WHAT YOU ARE ASKED TO DO: Nothing but the lines from the one containing "(44 Edge.Cuts user)" through the one containing "(setup (last_trace_width 0.25)", both included, should be given again, each exactly as written below.

-- Opening Marker --

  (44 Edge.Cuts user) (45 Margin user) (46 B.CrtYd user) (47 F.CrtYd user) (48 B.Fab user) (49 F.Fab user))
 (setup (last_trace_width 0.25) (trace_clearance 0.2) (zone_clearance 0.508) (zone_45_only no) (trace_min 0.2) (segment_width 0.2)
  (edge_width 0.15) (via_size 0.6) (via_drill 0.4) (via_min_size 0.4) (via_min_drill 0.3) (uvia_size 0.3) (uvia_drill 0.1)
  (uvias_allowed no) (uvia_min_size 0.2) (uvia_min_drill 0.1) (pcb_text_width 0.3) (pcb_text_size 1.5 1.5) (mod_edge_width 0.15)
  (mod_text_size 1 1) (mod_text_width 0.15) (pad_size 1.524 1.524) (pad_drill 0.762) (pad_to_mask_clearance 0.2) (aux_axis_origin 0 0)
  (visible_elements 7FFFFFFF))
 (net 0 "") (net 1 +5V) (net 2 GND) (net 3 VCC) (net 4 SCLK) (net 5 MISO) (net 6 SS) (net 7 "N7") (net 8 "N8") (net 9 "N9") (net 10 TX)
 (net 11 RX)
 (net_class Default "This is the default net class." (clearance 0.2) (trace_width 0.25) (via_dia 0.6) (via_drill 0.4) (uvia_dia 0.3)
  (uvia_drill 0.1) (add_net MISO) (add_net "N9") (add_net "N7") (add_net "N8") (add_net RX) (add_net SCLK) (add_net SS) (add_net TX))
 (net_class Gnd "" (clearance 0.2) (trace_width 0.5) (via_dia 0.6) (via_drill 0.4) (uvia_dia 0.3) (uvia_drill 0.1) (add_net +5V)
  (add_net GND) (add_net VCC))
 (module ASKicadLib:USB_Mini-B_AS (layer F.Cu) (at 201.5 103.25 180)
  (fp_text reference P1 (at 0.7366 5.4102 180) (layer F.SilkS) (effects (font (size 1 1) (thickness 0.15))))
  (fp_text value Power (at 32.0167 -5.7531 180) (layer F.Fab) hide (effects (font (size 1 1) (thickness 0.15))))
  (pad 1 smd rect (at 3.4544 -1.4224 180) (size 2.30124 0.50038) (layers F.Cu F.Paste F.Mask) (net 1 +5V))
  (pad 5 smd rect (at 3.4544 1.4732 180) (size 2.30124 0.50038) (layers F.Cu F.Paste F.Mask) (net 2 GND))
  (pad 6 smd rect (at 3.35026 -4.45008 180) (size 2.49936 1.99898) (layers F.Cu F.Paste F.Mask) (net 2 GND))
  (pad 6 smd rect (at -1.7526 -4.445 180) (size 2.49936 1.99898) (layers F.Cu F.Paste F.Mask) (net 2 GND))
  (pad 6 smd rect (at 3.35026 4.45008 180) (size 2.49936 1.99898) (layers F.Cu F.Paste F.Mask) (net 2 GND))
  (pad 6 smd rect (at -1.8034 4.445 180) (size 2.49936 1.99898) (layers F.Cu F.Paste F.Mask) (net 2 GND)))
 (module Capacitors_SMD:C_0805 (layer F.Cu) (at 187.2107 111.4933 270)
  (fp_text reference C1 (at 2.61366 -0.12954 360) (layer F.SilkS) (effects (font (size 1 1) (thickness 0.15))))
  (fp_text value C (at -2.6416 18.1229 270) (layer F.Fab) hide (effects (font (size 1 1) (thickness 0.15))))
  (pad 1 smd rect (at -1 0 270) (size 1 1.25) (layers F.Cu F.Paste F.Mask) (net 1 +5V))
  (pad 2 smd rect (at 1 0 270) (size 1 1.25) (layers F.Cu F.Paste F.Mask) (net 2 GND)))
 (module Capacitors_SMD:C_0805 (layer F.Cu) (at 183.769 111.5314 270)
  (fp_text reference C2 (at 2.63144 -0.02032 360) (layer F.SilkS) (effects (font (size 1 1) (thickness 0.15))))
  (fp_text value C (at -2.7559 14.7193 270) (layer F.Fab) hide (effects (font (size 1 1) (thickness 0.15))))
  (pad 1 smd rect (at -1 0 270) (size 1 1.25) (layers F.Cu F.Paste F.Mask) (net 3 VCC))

-- Closing Marker --
-- Opening Marker --

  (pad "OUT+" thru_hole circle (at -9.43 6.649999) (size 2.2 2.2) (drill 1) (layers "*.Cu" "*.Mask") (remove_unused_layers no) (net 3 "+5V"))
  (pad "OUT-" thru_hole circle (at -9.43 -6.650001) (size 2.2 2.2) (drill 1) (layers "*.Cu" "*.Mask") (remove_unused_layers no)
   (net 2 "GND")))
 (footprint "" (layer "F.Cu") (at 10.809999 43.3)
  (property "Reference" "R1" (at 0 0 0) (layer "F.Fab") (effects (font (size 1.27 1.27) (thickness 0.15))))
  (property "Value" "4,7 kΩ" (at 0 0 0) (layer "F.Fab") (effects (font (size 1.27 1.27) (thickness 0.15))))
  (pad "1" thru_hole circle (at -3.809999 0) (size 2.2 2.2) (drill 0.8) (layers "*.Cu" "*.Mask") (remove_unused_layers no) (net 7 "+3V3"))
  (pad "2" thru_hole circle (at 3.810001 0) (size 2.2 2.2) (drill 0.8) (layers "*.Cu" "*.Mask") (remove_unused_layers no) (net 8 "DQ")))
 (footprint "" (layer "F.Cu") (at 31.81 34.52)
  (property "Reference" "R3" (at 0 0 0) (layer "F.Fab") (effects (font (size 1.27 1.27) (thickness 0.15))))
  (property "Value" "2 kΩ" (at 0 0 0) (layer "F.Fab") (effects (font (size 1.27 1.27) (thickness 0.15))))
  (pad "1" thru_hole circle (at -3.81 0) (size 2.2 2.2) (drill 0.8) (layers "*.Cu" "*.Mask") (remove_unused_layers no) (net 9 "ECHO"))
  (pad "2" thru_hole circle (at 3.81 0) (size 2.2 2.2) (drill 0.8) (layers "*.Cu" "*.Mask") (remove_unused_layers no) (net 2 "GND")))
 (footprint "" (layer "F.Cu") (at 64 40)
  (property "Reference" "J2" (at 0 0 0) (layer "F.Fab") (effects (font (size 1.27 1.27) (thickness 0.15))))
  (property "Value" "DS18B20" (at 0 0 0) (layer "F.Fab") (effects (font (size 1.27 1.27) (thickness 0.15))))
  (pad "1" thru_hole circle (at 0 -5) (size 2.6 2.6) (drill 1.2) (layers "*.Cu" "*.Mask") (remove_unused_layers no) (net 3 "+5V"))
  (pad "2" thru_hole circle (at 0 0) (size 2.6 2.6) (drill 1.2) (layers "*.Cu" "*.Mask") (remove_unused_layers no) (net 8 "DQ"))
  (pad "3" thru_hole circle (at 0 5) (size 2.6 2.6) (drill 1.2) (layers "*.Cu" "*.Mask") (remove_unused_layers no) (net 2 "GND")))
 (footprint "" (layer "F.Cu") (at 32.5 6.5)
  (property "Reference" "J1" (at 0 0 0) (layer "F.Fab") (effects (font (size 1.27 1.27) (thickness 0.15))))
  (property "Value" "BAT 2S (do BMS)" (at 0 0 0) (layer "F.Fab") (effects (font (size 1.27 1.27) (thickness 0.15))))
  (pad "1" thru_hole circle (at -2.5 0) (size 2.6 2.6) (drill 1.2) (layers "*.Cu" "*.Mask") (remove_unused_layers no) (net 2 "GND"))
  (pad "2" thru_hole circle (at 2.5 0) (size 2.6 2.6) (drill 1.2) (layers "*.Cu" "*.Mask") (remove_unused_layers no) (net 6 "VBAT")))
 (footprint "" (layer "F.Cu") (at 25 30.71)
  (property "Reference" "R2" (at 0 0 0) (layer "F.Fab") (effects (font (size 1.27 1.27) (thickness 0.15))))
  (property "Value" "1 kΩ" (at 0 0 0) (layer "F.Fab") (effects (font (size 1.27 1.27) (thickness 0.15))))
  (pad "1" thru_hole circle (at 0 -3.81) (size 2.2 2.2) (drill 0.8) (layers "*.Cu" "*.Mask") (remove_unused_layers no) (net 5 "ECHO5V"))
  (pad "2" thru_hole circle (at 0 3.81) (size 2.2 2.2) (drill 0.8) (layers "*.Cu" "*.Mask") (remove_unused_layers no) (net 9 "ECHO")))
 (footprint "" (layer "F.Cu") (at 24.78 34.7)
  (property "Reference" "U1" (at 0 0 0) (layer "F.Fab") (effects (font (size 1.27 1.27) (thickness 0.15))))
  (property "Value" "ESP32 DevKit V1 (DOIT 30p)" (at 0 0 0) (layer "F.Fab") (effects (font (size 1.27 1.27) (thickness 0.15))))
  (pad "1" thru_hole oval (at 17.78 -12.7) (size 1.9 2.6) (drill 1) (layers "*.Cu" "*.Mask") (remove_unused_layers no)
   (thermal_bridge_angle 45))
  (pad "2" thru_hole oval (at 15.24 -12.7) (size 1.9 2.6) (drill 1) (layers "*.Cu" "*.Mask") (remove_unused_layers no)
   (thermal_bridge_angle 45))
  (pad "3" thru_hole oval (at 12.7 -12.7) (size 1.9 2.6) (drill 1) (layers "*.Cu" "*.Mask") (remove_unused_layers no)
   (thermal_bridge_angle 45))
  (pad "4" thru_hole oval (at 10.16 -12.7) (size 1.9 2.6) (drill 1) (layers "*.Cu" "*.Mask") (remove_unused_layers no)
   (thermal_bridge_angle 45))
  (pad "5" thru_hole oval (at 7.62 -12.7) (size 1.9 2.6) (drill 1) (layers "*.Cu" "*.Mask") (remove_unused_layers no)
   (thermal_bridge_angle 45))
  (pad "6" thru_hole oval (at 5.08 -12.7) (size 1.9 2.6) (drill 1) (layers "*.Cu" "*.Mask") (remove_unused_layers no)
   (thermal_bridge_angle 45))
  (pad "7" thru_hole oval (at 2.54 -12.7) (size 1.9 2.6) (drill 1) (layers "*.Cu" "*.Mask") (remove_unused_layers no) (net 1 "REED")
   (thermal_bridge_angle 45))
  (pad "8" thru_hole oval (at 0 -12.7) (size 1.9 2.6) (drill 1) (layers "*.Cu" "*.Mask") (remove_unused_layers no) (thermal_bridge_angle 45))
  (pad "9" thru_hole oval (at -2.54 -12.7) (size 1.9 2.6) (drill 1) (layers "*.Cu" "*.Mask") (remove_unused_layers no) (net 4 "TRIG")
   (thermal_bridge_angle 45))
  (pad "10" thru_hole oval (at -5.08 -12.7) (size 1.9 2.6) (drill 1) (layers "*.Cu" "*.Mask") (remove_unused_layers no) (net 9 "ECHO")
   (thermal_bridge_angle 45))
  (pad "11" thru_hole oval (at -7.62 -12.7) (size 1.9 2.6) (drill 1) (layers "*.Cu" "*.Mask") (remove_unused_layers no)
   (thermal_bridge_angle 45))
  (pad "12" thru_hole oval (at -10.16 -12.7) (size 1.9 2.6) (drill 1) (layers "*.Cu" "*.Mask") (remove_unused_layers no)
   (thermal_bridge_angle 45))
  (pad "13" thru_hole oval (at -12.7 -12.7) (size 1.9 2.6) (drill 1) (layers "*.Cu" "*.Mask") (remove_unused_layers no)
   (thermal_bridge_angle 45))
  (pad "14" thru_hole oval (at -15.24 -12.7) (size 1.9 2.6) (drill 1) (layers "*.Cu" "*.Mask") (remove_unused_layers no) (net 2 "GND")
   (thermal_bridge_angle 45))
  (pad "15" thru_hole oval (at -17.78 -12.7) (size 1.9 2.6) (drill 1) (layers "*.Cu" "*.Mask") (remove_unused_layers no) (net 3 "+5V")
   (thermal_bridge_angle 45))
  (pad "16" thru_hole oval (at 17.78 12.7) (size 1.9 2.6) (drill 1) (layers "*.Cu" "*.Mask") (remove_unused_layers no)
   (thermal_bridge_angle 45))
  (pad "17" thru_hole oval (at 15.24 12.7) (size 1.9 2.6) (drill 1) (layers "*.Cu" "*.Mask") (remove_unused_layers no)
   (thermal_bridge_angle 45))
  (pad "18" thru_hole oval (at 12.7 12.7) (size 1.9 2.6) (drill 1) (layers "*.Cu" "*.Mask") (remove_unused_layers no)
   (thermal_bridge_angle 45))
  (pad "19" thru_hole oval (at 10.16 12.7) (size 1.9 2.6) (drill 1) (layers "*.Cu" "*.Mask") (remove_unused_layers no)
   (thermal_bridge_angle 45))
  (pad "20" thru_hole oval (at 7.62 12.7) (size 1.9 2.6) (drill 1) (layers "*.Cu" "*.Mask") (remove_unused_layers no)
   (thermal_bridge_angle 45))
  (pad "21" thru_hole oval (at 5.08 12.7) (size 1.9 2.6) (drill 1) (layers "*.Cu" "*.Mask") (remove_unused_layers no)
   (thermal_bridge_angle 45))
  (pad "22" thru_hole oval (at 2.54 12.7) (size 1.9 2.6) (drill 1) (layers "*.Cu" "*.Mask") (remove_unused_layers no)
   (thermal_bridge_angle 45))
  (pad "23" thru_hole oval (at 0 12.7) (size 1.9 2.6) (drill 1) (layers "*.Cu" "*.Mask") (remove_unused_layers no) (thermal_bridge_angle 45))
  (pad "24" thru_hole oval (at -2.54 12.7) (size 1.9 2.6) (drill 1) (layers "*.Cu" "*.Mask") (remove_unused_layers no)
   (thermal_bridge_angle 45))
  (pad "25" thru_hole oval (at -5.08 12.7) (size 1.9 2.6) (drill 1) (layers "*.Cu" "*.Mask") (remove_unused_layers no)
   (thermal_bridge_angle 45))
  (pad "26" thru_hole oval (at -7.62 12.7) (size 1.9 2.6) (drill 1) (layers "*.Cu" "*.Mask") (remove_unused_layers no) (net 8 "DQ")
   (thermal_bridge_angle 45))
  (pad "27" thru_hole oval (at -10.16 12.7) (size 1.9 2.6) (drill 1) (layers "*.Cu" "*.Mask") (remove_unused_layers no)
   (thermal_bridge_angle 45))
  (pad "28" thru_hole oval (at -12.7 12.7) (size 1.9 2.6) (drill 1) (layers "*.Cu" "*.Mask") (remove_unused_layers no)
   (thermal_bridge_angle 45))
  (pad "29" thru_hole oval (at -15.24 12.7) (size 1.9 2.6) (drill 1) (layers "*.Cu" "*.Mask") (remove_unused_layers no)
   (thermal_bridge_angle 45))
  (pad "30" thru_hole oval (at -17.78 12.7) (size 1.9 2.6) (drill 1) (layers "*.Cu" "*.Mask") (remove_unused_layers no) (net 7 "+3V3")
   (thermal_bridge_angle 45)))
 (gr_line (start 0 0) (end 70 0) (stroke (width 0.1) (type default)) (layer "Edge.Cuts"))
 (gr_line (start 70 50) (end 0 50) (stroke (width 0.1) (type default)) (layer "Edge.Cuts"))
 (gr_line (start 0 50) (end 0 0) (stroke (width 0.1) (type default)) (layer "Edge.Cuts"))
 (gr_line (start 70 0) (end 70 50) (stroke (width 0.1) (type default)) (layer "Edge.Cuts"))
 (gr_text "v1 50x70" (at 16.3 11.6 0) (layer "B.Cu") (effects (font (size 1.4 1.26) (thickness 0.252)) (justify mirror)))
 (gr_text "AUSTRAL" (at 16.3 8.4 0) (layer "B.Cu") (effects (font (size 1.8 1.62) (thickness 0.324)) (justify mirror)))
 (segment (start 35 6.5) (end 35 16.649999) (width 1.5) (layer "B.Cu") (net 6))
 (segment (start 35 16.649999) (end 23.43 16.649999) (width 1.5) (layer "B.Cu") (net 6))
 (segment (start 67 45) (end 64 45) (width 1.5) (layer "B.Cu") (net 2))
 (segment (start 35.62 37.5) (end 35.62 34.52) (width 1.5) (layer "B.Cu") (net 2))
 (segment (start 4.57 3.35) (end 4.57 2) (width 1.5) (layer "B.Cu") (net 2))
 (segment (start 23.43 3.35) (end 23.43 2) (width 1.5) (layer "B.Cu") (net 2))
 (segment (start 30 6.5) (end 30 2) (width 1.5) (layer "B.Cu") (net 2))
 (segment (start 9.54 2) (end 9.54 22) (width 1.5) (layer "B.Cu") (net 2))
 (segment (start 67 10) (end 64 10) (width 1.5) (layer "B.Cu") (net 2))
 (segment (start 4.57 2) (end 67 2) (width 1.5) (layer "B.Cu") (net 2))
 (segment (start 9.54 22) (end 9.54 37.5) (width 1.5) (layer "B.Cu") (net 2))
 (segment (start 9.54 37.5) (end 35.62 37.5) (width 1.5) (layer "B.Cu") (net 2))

-- Closing Marker --

RESULT:
  (44 Edge.Cuts user) (45 Margin user) (46 B.CrtYd user) (47 F.CrtYd user) (48 B.Fab user) (49 F.Fab user))
 (setup (last_trace_width 0.25) (trace_clearance 0.2) (zone_clearance 0.508) (zone_45_only no) (trace_min 0.2) (segment_width 0.2)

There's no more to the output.